The Laugh of the Medusa
- 2010 edition
- Author: Helene Cixous
- Original title: Le Rire de la Méduse
- Language: French
- Subjects: Feminist theory, women's rights
- Published: 1975
- Publication place: France
- Media type: Print

= The Laugh of the Medusa =

1975 essay by Hélène Cixous

"The Laugh of the Medusa" is a 1975 essay by French feminist critic Hélène Cixous. Originally written in French as "Le Rire de la Méduse", a revised version was translated into English by Paula Cohen and Keith Cohen in 1976.

==Overview==
In the essay, Cixous issues an ultimatum: that women can either read and choose to stay trapped in their own bodies by a language that does not allow them to express themselves, or they can use the body as a way to communicate. She describes a writing style, écriture féminine, that she says attempts to move outside of the conventional rules found in patriarchal systems. She argues that écriture feminine allows women to address their needs by building strong self-narratives and identity. This text is situated in a history of feminist conversations that separated women because of their gender especially in terms of authorship. The "Laugh of the Medusa" addresses this rhetoric, writing on individuality and commanding women to use writing and the body as sources of power and inspiration.
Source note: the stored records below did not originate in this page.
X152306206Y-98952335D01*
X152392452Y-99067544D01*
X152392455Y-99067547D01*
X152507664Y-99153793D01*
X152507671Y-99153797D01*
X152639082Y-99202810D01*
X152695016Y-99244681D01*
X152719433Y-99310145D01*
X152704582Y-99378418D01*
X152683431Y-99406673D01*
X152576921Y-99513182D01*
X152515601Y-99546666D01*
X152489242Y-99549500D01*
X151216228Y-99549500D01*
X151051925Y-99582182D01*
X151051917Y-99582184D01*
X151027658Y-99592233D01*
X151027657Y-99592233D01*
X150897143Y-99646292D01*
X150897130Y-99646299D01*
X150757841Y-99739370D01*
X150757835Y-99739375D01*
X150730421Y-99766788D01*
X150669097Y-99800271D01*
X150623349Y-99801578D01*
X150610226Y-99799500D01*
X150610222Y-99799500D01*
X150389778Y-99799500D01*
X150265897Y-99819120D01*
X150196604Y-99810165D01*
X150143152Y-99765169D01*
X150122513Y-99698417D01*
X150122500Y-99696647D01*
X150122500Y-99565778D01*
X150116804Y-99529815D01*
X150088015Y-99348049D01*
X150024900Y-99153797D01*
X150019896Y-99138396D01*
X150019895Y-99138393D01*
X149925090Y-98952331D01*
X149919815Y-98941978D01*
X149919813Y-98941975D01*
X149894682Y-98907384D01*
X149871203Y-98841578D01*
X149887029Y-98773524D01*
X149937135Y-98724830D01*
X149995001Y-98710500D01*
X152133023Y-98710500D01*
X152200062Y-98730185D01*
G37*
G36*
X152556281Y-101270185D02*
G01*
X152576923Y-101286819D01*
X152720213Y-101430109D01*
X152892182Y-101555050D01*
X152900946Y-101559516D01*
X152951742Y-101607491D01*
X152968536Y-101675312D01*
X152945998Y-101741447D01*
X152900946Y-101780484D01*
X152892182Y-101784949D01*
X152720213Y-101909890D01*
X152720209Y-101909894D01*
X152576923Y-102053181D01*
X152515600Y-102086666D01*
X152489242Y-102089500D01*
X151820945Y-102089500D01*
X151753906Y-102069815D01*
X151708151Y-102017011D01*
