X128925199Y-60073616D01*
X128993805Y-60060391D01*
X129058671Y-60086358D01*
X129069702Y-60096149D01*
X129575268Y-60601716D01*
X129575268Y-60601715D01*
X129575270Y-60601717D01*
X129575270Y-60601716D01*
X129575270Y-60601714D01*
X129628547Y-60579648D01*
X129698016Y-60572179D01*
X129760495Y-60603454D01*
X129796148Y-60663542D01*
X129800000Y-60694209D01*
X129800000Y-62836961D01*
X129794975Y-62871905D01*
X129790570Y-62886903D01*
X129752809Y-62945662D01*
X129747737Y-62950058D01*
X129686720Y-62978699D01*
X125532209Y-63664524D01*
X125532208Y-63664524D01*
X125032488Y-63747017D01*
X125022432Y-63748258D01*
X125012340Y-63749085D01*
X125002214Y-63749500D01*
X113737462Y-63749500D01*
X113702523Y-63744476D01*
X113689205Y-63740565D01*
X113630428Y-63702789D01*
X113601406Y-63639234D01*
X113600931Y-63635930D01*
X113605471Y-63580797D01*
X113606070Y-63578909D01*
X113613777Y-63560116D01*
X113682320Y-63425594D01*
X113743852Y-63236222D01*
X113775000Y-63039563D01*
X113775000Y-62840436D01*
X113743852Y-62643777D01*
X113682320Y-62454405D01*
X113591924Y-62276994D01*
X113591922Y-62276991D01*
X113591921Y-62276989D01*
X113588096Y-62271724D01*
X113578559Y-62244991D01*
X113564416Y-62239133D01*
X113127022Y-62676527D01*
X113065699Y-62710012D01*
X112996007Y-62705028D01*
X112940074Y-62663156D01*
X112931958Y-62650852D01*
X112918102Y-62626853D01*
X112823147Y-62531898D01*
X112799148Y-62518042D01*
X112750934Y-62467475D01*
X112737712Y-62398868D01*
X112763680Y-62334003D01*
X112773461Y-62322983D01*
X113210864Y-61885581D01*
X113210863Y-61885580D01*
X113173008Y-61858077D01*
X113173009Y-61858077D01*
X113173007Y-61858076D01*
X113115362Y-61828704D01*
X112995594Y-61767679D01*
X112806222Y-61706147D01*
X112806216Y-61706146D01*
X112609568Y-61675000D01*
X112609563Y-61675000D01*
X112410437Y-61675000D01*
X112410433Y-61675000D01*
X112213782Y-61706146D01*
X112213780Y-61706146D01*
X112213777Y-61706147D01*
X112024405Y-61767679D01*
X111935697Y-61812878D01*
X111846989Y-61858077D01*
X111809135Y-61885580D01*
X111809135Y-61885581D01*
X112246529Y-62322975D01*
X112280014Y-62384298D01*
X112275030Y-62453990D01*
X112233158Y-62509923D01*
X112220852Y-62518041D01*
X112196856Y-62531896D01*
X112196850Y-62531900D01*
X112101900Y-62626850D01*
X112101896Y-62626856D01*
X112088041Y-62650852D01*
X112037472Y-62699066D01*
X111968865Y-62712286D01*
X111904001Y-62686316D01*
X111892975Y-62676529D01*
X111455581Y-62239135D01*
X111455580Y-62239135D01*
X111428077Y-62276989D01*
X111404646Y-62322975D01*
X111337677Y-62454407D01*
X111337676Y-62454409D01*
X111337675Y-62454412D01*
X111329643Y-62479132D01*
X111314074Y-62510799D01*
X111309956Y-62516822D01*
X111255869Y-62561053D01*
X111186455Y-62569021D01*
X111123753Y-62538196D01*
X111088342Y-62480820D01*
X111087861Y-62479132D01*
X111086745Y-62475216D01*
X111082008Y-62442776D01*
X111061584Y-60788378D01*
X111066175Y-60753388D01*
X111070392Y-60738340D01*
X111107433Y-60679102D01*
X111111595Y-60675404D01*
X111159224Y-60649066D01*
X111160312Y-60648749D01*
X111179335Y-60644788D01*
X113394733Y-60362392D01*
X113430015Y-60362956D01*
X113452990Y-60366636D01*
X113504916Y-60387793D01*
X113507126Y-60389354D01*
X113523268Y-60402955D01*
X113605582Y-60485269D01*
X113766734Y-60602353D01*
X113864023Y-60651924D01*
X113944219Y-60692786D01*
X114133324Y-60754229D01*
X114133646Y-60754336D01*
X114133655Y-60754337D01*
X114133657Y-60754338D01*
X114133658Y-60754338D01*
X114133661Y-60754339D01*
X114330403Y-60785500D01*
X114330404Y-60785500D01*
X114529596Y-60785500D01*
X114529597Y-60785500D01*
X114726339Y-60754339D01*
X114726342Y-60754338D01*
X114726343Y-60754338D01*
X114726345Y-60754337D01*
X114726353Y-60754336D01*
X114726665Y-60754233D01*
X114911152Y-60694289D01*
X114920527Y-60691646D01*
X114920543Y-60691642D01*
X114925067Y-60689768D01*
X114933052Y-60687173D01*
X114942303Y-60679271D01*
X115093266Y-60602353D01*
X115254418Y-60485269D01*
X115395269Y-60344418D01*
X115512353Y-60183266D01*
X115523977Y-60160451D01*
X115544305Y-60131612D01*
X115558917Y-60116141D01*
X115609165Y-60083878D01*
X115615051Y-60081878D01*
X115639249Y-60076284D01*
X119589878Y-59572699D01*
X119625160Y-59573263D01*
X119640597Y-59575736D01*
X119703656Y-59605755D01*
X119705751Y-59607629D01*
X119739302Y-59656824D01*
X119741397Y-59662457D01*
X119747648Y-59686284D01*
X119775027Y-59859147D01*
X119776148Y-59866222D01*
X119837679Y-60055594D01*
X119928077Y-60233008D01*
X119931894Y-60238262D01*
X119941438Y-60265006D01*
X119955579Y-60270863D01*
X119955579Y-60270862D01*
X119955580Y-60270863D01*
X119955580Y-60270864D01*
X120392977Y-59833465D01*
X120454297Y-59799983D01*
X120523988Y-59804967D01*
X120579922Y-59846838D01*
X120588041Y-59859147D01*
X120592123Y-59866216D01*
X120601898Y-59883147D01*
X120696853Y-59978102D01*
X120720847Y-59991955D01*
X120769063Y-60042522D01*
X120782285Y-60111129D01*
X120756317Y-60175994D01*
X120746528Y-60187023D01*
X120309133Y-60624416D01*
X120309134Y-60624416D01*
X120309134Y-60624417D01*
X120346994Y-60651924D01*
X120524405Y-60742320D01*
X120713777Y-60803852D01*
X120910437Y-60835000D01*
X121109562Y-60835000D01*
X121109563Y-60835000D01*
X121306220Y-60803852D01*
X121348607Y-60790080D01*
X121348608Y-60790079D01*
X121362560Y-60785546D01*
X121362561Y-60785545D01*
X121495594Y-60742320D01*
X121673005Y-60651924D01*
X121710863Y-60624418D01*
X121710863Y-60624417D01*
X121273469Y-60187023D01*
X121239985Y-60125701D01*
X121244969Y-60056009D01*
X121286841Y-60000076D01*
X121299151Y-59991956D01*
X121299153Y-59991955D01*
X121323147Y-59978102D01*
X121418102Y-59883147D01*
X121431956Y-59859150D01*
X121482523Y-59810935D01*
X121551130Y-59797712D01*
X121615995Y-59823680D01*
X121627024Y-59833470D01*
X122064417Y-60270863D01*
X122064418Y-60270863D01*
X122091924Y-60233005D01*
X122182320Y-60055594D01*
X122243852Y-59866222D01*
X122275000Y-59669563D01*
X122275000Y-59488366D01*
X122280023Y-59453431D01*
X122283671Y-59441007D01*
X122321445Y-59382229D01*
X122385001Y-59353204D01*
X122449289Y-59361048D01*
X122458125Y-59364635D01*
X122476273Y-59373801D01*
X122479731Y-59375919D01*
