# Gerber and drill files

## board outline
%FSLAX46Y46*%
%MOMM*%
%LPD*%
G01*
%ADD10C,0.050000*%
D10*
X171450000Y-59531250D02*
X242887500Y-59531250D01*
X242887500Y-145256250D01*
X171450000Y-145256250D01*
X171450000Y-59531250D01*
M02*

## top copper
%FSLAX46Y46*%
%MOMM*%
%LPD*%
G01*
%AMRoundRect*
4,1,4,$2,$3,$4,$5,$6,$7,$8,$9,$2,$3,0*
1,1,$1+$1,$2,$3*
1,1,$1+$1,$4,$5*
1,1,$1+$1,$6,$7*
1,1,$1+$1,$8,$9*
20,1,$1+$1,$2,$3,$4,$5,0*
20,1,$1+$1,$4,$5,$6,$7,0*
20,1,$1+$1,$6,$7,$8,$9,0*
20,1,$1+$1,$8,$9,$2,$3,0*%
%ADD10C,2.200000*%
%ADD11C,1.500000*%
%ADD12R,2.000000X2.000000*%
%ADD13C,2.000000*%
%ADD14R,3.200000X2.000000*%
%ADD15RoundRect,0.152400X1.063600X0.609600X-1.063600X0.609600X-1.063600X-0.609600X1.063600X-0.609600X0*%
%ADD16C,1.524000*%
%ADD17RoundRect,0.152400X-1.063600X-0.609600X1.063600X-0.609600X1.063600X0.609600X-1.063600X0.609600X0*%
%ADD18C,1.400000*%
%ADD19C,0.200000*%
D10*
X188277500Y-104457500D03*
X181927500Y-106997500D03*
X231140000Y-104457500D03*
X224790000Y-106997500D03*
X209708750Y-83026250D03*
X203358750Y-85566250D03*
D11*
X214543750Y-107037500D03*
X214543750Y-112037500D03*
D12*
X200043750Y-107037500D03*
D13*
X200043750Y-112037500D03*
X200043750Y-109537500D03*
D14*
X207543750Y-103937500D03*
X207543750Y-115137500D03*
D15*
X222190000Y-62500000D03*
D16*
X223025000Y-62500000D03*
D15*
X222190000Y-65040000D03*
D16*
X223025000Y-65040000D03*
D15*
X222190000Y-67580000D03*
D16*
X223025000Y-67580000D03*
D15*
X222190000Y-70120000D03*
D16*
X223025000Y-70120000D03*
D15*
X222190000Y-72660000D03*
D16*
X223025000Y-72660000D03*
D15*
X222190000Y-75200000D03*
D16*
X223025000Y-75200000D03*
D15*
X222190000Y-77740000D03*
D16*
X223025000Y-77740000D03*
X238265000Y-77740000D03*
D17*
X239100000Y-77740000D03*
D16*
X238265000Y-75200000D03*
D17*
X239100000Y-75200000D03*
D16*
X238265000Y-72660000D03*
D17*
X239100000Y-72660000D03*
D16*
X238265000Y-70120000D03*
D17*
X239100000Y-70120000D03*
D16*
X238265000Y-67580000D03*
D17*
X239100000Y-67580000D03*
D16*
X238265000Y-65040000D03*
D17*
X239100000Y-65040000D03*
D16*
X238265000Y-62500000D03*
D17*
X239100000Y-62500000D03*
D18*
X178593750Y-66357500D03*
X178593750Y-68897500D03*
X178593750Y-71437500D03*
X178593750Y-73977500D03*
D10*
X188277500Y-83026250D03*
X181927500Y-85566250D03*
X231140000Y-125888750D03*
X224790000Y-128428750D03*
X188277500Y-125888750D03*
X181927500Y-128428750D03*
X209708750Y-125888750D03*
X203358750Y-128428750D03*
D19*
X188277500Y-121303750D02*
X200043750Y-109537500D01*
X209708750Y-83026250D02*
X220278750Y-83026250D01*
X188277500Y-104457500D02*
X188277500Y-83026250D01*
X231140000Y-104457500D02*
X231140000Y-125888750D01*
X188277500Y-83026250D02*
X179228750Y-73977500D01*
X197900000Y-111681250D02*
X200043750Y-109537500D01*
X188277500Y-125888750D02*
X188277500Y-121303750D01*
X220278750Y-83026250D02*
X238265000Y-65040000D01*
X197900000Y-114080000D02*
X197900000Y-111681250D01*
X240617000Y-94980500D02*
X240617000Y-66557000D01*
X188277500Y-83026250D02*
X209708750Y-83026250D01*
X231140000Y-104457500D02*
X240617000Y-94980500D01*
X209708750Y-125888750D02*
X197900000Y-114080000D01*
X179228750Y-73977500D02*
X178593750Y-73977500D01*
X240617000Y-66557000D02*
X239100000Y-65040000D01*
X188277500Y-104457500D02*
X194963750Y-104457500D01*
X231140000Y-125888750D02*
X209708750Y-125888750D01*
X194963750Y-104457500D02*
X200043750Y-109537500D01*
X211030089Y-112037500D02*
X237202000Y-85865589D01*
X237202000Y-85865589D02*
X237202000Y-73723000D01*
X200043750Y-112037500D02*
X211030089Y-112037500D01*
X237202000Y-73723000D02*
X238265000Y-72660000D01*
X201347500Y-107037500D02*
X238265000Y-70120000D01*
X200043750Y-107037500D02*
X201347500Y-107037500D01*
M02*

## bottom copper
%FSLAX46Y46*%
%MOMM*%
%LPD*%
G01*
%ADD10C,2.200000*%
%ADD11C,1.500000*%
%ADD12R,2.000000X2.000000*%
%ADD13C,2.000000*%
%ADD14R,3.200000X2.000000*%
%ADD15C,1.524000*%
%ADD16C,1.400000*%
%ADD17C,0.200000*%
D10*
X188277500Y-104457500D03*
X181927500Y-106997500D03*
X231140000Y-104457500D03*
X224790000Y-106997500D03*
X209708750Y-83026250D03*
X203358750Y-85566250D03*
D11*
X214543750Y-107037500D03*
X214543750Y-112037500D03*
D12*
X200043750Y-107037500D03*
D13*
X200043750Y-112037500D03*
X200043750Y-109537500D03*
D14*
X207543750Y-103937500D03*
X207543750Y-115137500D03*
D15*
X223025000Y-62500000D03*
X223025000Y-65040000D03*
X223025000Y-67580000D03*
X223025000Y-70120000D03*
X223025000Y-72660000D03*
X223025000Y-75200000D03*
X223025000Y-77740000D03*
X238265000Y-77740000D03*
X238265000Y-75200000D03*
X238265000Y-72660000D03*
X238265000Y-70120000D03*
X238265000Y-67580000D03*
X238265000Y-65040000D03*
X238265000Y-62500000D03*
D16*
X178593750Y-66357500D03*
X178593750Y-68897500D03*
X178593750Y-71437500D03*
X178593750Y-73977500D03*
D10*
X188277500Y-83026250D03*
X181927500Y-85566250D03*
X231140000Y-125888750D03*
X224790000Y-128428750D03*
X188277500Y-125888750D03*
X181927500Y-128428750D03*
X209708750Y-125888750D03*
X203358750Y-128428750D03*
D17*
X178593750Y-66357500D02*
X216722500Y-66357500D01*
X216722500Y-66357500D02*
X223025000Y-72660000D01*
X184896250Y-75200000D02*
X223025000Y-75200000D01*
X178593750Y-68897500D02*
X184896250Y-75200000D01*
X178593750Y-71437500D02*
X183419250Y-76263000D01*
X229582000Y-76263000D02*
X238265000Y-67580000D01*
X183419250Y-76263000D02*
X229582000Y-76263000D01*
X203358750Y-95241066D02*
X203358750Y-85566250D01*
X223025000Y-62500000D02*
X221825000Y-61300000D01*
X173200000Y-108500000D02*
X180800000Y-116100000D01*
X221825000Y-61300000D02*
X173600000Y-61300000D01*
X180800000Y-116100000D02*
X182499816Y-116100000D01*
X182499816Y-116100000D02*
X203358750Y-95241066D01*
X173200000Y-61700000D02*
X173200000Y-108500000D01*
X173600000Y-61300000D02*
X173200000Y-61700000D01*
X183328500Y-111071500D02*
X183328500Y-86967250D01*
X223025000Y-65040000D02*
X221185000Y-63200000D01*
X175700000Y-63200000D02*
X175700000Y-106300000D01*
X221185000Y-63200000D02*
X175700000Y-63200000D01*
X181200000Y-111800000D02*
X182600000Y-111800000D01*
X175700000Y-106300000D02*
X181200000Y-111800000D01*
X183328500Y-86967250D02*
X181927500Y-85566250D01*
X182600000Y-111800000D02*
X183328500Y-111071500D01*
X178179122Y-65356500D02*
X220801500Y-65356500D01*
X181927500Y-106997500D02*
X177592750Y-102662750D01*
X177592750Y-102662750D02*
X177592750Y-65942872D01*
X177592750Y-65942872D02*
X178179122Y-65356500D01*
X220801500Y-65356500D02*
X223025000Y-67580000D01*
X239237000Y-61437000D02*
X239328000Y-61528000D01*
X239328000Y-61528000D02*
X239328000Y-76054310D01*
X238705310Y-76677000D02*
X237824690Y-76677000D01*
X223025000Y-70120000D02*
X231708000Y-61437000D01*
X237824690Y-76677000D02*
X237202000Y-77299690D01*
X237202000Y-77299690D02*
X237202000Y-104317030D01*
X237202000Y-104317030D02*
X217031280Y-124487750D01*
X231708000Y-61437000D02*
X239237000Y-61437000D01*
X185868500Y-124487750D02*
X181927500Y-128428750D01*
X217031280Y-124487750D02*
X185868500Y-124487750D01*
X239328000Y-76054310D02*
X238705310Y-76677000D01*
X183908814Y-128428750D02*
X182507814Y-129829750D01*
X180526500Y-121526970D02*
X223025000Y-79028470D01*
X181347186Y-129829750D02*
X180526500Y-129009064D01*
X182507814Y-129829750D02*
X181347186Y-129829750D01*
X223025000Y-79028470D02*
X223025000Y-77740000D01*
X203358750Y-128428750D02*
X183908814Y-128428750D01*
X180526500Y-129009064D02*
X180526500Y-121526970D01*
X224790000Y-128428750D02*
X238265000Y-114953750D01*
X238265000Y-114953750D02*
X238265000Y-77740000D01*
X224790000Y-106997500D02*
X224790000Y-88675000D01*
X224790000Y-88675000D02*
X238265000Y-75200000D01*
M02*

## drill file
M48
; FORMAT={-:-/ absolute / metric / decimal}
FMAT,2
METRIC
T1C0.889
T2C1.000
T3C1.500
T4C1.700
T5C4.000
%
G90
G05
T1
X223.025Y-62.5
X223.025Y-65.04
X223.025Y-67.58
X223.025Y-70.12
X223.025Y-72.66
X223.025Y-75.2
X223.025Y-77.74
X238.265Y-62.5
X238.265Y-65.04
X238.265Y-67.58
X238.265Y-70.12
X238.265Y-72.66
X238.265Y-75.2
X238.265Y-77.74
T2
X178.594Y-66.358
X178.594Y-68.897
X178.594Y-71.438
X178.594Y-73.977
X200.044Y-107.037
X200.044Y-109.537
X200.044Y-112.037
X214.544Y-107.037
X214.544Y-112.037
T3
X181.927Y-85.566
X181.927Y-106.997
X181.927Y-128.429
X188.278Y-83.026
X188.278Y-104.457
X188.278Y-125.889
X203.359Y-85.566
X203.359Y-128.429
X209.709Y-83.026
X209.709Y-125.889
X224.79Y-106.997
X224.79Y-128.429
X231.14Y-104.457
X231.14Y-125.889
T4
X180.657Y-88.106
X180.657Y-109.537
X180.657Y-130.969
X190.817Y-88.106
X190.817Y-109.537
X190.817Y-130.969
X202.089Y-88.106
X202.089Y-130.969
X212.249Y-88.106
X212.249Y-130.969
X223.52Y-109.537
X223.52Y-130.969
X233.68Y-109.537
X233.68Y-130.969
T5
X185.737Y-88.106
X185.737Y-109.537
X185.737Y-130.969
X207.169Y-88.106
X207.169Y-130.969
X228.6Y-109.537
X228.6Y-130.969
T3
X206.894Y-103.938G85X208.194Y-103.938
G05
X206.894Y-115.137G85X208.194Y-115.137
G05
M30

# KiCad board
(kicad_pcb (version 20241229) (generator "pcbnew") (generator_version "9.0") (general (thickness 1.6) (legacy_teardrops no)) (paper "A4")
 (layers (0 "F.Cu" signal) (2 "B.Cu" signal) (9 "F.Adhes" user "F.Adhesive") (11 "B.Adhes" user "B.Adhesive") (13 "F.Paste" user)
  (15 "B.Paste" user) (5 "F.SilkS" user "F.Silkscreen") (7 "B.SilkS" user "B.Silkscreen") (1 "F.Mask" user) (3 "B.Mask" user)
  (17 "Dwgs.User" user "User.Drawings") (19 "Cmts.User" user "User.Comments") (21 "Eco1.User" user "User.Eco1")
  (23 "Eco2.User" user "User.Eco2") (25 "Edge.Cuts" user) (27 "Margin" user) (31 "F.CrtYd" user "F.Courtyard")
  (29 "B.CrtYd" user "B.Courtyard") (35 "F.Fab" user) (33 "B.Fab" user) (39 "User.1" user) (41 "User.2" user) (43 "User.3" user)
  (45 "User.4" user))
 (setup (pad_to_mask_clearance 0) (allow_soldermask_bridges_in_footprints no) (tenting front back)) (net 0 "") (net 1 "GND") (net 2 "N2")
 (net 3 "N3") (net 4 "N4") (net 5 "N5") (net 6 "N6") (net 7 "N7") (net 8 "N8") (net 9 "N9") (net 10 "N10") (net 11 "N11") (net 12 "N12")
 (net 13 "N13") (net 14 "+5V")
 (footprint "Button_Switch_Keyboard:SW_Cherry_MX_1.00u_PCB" (layer "F.Cu") (at 188.2775 104.4575)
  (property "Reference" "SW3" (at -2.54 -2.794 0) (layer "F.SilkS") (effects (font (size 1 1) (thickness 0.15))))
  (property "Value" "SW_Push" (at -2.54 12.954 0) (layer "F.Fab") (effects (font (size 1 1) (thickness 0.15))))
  (pad "" np_thru_hole circle (at -7.62 5.08) (size 1.7 1.7) (drill 1.7) (layers "*.Cu" "*.Mask"))
  (pad "" np_thru_hole circle (at -2.54 5.08) (size 4 4) (drill 4) (layers "*.Cu" "*.Mask"))
  (pad "" np_thru_hole circle (at 2.54 5.08) (size 1.7 1.7) (drill 1.7) (layers "*.Cu" "*.Mask"))
  (pad "1" thru_hole circle (at 0 0) (size 2.2 2.2) (drill 1.5) (layers "*.Cu" "*.Mask") (remove_unused_layers no) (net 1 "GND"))
  (pad "2" thru_hole circle (at -6.35 2.54) (size 2.2 2.2) (drill 1.5) (layers "*.Cu" "*.Mask") (remove_unused_layers no) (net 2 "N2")))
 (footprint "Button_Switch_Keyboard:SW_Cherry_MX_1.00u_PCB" (layer "F.Cu") (at 231.14 104.4575)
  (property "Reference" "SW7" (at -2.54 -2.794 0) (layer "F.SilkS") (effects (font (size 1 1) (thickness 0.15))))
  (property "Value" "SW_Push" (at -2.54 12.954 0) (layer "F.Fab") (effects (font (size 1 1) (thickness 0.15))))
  (pad "" np_thru_hole circle (at -7.62 5.08) (size 1.7 1.7) (drill 1.7) (layers "*.Cu" "*.Mask"))
  (pad "" np_thru_hole circle (at -2.54 5.08) (size 4 4) (drill 4) (layers "*.Cu" "*.Mask"))
  (pad "" np_thru_hole circle (at 2.54 5.08) (size 1.7 1.7) (drill 1.7) (layers "*.Cu" "*.Mask"))
  (pad "1" thru_hole circle (at 0 0) (size 2.2 2.2) (drill 1.5) (layers "*.Cu" "*.Mask") (remove_unused_layers no) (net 1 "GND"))
  (pad "2" thru_hole circle (at -6.35 2.54) (size 2.2 2.2) (drill 1.5) (layers "*.Cu" "*.Mask") (remove_unused_layers no) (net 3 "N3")))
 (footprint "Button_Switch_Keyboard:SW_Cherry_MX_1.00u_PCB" (layer "F.Cu") (at 209.70875 83.02625)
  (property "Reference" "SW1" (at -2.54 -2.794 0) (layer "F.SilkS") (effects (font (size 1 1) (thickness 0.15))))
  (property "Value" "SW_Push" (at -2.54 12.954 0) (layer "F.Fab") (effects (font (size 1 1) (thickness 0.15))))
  (pad "" np_thru_hole circle (at -7.62 5.08) (size 1.7 1.7) (drill 1.7) (layers "*.Cu" "*.Mask"))
  (pad "" np_thru_hole circle (at -2.54 5.08) (size 4 4) (drill 4) (layers "*.Cu" "*.Mask"))
  (pad "" np_thru_hole circle (at 2.54 5.08) (size 1.7 1.7) (drill 1.7) (layers "*.Cu" "*.Mask"))
  (pad "1" thru_hole circle (at 0 0) (size 2.2 2.2) (drill 1.5) (layers "*.Cu" "*.Mask") (remove_unused_layers no) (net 1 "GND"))
  (pad "2" thru_hole circle (at -6.35 2.54) (size 2.2 2.2) (drill 1.5) (layers "*.Cu" "*.Mask") (remove_unused_layers no) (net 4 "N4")))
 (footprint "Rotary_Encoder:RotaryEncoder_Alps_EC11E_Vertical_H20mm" (layer "F.Cu") (at 200.04375 107.0375)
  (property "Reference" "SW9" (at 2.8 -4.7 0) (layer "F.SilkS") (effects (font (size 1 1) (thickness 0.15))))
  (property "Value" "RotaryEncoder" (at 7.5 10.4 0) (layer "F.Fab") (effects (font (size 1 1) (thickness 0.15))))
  (pad "" thru_hole circle (at 14.5 0) (size 1.5 1.5) (drill 1) (layers "*.Cu" "*.Mask") (remove_unused_layers no))
  (pad "" thru_hole circle (at 14.5 5) (size 1.5 1.5) (drill 1) (layers "*.Cu" "*.Mask") (remove_unused_layers no))
  (pad "A" thru_hole rect (at 0 0) (size 2 2) (drill 1) (layers "*.Cu" "*.Mask") (remove_unused_layers no) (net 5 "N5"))
  (pad "B" thru_hole circle (at 0 5) (size 2 2) (drill 1) (layers "*.Cu" "*.Mask") (remove_unused_layers no) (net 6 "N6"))
  (pad "C" thru_hole circle (at 0 2.5) (size 2 2) (drill 1) (layers "*.Cu" "*.Mask") (remove_unused_layers no) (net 1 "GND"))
Cixous uses the term the "Logic of Antilove" to describe her understanding of the systematic oppression of women by patriarchal figures. She defines the Logic of Antilove as the self-hatred women have noting that, "they have made for women an antinarcissism! A narcissism which loves itself only to be loved by what women haven't got." This idea persecutes women by defining them by what misogynistic tradition believes makes the female sex inferior. Cixous commands women to focus on individuality, particularly the individuality of the body and to write to redefine self-identity in the context of her history and narrative. The essay argues that writing is a tool women must use to advocate for themselves to acquire the freedom women have historically been denied.

However, Cixous demonstrates that écriture féminine is not limited to "woman". She names Colette, Marguerite Duras, and Jean Genet as "the only inscriptions of femininity that [she has] ever seen" in twentieth century French literature. She also criticises the women writers of the nineteenth century for writing to appeal to men. For Cixous, it is not anatomy that should define our identity; this is 'to confuse the biological and the cultural'.

"The Laugh of the Medusa" is an exhortation and call for a "feminine mode" of writing which Cixous calls "white ink" and écriture féminine. Cixous builds the text using the elements of this mode and fills it with literary allusions. She instructs women to use writing as a means of authority. Cixous explores how the female body is closely connected to female authorship. She conveys this message by employing a conversational dialogue in which she instructs her audience directly. She urges her audience to write, using many direct conversational statements such as "Writing is for you, you are for you; your body is yours, take it." Cixous' repetition in her message that women must write for themselves and claim their bodies bridges the gap between the physicality of the female body and their authorship. In doing so she challenges the distinctions between theory and practice expanding on the feminist rhetorical tradition. "The Laugh of the Medusa" is successful in its creation of a writing style that allows women to claim authority because it was created on the foundation of the woman's claim to herself and her body, therefore eliminating the oppressive effects of patriarchal control of rhetoric. This text is also a critique of logocentrism and phallogocentrism, because it de-prioritizes the masculine form of reason traditionally associated with rhetoric, having much in common with Jacques Derrida's earlier thought.

==Inspiration for==
Inspired by Cixous' essay, a recent book titled Laughing with Medusa (2006) analyzes the collective work of Julia Kristeva, Luce Irigaray, Bracha Ettinger and Hélène Cixous.